Esa es la historia del personaje que interpreta Quim Gutiérrez, casi un debutante, con una carrera forjada en las series de televisión catalanas, un chaval que intenta agarrarse como un clavo al rojo a cualquier destino, no al que por desgracia tiene que vivir, acompañado de Marta Etura, tal vez lo mejor de la película y es que su personaje entra por los ojos, se queda en el estómago y acaba en el cerebro, triste, conciso, haciéndo que entiendas todas sus motivaciones.

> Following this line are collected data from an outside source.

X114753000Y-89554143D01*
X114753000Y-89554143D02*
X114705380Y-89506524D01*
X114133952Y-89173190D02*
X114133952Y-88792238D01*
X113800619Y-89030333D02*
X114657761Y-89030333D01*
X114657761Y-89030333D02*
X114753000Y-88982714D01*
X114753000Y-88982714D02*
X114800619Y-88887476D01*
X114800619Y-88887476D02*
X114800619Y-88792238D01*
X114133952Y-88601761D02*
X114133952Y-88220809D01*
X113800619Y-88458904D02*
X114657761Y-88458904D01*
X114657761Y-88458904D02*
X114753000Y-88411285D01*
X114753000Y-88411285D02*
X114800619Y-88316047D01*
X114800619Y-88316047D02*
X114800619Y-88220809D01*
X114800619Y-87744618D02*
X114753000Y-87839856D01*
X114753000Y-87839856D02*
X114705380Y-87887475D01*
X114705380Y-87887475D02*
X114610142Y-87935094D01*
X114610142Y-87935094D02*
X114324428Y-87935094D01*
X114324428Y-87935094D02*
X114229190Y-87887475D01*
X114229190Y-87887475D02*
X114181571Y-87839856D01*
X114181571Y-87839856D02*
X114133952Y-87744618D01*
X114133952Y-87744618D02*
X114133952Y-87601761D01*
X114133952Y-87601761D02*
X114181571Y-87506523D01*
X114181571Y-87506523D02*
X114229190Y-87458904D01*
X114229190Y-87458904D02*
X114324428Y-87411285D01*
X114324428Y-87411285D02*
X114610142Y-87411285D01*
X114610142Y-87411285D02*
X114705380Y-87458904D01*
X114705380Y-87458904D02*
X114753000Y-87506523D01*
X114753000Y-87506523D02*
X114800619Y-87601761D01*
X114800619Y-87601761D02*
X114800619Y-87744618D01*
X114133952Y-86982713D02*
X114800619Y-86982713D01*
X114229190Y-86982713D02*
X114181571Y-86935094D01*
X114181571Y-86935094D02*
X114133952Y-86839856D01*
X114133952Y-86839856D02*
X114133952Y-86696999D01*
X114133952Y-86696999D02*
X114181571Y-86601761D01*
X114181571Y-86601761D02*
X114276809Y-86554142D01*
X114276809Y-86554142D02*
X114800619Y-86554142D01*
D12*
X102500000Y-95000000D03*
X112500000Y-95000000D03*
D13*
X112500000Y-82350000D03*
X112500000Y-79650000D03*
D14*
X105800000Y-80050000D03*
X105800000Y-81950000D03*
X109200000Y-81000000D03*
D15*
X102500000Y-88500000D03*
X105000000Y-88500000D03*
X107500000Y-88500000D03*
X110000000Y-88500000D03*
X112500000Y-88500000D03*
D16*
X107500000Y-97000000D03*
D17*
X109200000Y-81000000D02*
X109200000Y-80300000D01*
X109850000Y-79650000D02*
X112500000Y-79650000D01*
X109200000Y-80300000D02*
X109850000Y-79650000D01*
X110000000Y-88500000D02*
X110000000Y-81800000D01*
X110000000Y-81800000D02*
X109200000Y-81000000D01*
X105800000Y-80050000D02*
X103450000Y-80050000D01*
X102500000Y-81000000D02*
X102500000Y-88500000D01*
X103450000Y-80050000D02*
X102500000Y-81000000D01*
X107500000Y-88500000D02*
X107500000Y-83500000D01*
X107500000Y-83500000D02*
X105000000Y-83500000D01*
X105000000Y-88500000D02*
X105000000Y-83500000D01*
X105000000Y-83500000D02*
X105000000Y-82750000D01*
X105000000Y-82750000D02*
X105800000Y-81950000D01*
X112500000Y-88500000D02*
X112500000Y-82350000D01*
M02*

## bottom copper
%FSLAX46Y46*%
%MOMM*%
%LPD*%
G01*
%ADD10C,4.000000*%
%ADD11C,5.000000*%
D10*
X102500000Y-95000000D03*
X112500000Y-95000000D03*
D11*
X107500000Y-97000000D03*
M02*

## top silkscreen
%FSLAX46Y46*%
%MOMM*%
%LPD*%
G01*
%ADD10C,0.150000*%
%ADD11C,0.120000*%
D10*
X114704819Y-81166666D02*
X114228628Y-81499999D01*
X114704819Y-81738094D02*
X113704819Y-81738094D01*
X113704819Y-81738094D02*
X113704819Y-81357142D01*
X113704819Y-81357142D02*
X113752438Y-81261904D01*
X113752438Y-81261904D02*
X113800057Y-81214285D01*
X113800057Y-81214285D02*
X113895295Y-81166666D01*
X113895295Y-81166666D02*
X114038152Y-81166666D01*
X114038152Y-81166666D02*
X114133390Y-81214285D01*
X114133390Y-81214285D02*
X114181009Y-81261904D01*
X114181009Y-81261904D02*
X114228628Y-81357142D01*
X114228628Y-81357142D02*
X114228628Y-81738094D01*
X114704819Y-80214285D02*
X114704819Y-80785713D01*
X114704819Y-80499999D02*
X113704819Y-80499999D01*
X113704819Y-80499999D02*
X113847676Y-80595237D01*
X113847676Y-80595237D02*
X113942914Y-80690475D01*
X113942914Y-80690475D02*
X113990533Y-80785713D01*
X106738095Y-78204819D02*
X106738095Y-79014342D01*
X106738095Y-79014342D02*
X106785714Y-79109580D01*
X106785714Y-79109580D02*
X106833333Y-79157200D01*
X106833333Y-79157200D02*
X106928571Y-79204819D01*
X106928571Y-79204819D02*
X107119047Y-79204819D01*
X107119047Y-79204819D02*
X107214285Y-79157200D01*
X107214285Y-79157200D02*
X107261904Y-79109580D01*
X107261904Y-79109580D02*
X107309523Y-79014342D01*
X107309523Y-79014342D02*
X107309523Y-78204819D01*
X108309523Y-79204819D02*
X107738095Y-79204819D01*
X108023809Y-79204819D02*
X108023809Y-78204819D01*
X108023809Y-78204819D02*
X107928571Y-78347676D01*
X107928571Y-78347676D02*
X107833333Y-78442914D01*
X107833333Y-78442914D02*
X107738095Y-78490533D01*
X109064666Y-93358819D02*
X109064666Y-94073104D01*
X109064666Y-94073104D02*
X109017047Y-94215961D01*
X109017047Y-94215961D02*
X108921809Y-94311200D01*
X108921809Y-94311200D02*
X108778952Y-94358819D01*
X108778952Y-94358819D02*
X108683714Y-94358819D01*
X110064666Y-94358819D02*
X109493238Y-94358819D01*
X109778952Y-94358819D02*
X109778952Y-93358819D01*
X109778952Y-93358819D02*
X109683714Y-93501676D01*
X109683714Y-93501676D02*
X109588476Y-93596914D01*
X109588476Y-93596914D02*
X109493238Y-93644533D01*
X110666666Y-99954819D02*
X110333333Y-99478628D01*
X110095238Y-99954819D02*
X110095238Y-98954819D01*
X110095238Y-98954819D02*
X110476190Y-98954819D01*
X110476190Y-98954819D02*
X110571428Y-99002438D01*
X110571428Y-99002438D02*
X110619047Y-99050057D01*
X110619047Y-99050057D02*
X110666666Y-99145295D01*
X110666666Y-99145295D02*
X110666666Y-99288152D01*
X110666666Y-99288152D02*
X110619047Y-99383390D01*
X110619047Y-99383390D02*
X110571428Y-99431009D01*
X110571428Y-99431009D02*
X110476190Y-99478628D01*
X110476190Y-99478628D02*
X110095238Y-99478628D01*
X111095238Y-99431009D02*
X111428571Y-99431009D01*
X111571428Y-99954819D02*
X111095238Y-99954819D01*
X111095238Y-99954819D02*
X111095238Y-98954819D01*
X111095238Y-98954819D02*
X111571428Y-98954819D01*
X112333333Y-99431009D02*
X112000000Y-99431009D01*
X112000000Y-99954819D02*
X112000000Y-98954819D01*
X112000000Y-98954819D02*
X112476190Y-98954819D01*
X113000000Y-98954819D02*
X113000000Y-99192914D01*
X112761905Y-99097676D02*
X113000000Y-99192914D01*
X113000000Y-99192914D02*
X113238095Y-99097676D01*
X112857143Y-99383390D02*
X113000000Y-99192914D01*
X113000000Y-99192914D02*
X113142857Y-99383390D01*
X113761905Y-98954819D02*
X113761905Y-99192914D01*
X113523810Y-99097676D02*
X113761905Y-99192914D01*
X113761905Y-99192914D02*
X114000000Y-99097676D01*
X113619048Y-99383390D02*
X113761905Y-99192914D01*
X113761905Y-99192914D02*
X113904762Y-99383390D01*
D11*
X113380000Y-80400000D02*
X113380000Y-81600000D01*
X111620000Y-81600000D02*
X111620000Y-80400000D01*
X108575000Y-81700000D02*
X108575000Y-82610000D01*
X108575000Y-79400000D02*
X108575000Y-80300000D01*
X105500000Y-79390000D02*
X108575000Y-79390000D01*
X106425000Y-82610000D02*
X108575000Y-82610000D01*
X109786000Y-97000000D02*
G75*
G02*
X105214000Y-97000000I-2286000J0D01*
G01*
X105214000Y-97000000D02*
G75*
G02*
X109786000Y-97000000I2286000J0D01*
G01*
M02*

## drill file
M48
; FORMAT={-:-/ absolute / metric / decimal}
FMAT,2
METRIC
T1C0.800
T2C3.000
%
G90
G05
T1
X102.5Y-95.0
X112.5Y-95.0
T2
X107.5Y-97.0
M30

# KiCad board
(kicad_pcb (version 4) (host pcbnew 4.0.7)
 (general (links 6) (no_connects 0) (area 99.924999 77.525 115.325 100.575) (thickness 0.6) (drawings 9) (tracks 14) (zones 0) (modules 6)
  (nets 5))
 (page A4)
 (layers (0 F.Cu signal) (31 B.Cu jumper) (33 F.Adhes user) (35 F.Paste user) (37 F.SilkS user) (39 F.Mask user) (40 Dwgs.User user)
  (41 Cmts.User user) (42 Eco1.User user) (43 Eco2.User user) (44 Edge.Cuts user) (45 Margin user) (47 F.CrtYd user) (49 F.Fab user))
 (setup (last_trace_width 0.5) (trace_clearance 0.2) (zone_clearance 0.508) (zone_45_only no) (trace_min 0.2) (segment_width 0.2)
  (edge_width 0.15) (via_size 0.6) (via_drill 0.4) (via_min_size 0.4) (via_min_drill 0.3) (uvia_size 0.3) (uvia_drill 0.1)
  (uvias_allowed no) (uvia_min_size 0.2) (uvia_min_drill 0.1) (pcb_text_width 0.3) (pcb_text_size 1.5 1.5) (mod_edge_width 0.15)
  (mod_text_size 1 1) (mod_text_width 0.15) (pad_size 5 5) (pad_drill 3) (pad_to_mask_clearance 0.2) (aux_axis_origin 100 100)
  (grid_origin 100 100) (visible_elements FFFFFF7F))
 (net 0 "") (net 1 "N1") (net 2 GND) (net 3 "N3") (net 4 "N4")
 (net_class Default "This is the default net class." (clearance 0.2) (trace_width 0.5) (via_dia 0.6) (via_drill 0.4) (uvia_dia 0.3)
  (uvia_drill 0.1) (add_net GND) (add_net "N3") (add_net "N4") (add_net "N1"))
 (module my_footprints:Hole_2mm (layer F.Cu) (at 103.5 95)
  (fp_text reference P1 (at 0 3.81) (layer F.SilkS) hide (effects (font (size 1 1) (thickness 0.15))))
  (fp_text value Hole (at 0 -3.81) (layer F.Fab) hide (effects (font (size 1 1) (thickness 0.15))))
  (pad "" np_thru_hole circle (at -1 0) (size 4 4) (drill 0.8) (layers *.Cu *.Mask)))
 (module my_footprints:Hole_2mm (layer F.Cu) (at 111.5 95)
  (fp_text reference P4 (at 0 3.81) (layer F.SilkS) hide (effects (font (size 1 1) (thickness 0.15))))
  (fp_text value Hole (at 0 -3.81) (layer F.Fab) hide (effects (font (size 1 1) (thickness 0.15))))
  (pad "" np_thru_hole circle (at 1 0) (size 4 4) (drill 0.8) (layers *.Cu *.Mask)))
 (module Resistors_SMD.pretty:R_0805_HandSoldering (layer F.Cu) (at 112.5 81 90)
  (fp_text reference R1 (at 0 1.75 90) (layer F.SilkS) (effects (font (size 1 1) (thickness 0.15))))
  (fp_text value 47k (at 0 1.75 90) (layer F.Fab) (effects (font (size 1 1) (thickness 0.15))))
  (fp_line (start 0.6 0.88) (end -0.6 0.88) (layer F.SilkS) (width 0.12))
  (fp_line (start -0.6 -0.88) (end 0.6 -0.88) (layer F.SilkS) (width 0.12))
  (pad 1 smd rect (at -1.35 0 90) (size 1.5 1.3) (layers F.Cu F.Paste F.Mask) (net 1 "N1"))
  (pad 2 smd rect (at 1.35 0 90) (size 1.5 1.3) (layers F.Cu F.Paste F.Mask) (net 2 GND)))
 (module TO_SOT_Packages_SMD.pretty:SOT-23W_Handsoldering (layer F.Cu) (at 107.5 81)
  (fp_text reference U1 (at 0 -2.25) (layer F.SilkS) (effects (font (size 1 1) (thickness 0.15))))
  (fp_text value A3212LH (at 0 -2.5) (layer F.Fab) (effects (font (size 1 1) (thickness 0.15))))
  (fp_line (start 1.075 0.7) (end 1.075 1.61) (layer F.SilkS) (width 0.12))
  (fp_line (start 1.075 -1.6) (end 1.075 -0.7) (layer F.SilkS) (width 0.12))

Una cinta de rupturas, de sueños, y de todo lo que es esta vida que nos ha tocado vivir, rodada de una manera sobria, sin mucho artificio (pa’ que), con una preciosa banda sonora, que ayuda soberanamente bien a seguirle el pulso a la historia.
Con unos secundarios de excepción, a saber, Raúl Arévalo, Antonio de la Torre, Roberto Enríquez, o incluso el cameo final del ahora televisivo Alex O’Dogherty.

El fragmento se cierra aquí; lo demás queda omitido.